El mítico Berlín Pub anunció el cierre de sus puertas luego de casi 25 años de actividad. El espacio ubicado en el Pasaje Simeoni fue una verdadera usina del teatro alternativo, el humor, el tango joven y el rock under. “¿Berlineamos?”, fue una pregunta repetida en la noche rosarina durante las últimas décadas y casi se transformó en un verbo más.
“Mi desenlace perfecto hubiera sido que alguien tome la llave, la marca y la mística para que lo pueda resignificar. Nada me hubiera hecho más feliz que pasar por la cortada y ver que sigue existiendo”, expresó Lulo Corradín, quien fue el ideólogo y sostén junto a su hermano Fabián del espacio, que no reabrió tras dos años de pandemia y ahora bajará definitivamente las persianas.
Con propuestas permanentes en su cartelera, Berlín se erigió como una de las propuestas alternativas de la noche rosarina. “Son cambios de época y leímos eso también”, señaló Corradín en contacto con el portal Rosario Plus sobre la difícil decisión.

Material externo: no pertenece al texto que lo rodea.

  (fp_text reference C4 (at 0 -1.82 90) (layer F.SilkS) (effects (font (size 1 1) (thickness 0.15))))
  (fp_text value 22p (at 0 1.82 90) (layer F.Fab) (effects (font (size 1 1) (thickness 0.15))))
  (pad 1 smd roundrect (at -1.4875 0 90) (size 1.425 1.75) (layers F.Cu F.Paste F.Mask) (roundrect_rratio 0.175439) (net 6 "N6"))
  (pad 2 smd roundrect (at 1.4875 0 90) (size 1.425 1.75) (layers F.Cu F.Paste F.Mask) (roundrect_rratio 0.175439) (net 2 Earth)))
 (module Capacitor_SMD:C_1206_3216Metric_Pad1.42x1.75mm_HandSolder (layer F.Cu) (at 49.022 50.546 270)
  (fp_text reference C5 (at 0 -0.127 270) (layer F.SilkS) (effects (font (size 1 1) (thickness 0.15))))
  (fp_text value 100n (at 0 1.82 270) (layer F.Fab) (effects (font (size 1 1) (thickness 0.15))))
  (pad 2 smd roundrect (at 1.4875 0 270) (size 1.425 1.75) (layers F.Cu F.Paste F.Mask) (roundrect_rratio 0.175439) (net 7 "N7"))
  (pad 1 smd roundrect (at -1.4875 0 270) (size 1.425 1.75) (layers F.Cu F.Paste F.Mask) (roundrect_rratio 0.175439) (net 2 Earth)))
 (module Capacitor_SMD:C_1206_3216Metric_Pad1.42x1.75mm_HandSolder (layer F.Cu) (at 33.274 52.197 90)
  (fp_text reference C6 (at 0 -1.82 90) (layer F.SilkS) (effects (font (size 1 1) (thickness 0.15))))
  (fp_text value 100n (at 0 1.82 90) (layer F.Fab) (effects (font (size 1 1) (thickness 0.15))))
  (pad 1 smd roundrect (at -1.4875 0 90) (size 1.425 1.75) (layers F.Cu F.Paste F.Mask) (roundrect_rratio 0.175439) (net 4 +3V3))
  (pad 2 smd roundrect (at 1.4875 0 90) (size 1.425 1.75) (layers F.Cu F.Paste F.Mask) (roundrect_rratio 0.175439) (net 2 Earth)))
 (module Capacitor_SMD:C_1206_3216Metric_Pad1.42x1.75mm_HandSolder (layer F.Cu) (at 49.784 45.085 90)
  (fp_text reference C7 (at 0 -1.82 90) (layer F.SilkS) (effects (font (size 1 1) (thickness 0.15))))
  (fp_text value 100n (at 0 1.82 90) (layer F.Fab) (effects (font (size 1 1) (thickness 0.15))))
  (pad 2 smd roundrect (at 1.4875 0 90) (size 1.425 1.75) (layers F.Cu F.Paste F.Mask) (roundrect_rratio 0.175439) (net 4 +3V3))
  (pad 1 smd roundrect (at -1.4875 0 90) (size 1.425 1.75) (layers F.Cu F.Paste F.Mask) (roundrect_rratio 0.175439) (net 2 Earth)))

“Ojalá apareciera un nuevo Quijote. A muchos les interesa, pero los emprendedores hoy no están viendo al microcentro como inversión en la nocturnidad porque se quedaron con Pichincha, que en mi opinión es un fenómeno que así como sube, baja”, dejó entrever en una última señal de esperanza.

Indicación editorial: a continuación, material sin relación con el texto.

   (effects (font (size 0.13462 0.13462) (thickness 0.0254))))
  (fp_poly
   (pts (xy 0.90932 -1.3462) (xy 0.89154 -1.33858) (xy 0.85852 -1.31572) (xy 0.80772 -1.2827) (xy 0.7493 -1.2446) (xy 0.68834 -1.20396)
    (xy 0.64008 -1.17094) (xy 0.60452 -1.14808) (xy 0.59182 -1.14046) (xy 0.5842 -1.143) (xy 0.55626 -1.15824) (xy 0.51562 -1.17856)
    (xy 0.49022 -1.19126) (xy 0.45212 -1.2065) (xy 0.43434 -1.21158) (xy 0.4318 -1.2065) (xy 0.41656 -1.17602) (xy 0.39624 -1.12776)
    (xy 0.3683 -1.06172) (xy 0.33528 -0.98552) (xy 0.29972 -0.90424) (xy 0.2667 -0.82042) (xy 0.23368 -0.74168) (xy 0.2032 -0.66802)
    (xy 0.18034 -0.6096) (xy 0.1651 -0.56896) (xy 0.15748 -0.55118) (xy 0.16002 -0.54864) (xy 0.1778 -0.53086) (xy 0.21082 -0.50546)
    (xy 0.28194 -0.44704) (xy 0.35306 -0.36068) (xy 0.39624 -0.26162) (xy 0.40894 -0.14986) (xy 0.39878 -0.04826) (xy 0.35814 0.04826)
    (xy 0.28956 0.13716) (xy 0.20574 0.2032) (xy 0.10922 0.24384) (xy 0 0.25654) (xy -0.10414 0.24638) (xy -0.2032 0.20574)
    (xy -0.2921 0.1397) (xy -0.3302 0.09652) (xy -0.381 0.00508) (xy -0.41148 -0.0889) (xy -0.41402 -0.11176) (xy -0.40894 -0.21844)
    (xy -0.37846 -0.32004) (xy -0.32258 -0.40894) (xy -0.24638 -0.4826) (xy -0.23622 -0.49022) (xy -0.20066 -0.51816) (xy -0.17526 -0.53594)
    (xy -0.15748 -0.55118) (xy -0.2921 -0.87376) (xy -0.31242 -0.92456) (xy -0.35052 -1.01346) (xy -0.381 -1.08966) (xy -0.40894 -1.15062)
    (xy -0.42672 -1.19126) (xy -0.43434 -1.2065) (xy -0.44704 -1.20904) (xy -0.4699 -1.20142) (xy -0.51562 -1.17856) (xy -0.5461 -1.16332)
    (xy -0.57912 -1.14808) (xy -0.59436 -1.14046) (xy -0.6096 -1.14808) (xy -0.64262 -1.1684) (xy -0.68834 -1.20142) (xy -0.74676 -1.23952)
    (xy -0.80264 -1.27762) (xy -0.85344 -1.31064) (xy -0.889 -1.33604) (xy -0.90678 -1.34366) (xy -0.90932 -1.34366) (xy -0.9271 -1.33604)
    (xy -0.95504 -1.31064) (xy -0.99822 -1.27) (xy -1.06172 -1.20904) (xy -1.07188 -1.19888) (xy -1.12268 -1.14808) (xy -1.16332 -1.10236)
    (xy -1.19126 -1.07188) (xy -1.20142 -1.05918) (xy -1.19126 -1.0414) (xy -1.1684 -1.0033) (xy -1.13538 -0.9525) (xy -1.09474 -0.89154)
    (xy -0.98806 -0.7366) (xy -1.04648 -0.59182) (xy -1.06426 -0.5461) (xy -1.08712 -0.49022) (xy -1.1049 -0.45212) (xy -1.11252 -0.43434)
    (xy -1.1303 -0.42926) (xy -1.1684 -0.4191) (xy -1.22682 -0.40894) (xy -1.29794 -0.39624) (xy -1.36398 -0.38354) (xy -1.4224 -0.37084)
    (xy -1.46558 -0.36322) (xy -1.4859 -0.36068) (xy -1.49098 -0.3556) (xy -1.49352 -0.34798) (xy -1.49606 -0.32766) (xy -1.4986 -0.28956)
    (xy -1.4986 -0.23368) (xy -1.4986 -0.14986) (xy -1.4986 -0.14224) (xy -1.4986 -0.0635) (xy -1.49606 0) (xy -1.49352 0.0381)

Berlín Café fue un clásico bar que supo condensar elementos de espacio para recitales, sala de teatro, café concert, bar y pub. Su prestigio se debió a su extensa trayectoria como una verdadera usina artística y cultural, por la que pasaron prácticamente todos los artistas hoy consagrados de la ciudad.

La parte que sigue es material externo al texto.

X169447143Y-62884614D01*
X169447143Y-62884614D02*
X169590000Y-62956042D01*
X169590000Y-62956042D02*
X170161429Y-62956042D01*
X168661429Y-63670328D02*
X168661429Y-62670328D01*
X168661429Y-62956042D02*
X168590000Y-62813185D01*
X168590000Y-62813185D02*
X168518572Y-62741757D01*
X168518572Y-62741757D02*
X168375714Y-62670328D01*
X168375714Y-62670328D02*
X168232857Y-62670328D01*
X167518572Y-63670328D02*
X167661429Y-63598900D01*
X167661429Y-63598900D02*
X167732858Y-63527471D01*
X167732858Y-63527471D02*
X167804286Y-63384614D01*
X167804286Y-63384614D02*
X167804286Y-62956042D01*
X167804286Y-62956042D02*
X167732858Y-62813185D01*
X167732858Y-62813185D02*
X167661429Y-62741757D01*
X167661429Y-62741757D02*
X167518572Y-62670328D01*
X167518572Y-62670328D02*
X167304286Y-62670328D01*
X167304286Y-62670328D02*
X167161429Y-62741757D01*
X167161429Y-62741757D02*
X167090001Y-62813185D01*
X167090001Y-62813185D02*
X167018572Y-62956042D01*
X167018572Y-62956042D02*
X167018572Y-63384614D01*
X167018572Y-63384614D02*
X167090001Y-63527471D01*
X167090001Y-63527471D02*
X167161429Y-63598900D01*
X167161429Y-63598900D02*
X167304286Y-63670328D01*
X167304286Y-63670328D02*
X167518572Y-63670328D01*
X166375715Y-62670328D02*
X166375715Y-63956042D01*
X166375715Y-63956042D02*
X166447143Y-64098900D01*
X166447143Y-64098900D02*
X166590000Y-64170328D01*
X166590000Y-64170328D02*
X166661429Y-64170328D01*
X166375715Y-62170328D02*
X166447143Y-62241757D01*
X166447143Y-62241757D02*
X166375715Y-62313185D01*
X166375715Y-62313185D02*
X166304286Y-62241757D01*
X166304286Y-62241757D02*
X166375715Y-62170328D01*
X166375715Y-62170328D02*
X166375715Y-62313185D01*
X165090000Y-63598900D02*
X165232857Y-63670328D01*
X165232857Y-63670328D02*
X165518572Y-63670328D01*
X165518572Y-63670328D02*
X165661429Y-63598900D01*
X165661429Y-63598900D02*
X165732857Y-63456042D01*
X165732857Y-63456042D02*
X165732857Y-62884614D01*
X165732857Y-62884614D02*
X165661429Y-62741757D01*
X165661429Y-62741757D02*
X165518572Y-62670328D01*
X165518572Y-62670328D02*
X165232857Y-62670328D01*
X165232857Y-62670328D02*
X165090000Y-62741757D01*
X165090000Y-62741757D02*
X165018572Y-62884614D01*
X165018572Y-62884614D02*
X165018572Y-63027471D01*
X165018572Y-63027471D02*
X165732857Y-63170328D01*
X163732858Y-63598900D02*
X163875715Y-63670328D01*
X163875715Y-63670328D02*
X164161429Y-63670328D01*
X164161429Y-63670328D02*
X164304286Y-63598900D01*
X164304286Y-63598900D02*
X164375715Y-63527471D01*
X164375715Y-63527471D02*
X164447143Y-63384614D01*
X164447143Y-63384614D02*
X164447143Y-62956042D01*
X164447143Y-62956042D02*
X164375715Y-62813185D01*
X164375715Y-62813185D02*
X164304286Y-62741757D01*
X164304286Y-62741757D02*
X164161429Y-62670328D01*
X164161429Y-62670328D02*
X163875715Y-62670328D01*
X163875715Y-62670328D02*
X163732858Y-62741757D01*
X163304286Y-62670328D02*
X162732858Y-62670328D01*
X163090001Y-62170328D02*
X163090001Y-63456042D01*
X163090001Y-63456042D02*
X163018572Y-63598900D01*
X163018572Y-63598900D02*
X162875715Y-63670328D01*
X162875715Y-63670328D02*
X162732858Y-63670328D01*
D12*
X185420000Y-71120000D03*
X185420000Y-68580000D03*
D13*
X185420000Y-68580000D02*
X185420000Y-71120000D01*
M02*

“Toda mi vida me dediqué a lo que me gustaba, y hoy mi interés pasa por mi tienda de motos antiguas y otras antigüedades. Durante la pandemia –para mí fue un tiempo útil para pensar- me di cuenta que terminó, que mi disfrute pasa por esto que hago ahora. Entendí lo que pasa con cuando un familiar se enferma: el duelo lo hice en vida. No lo vivo como un tango desahuciado, ya quiero dar vuelta la hoja”, aseguró Lulo.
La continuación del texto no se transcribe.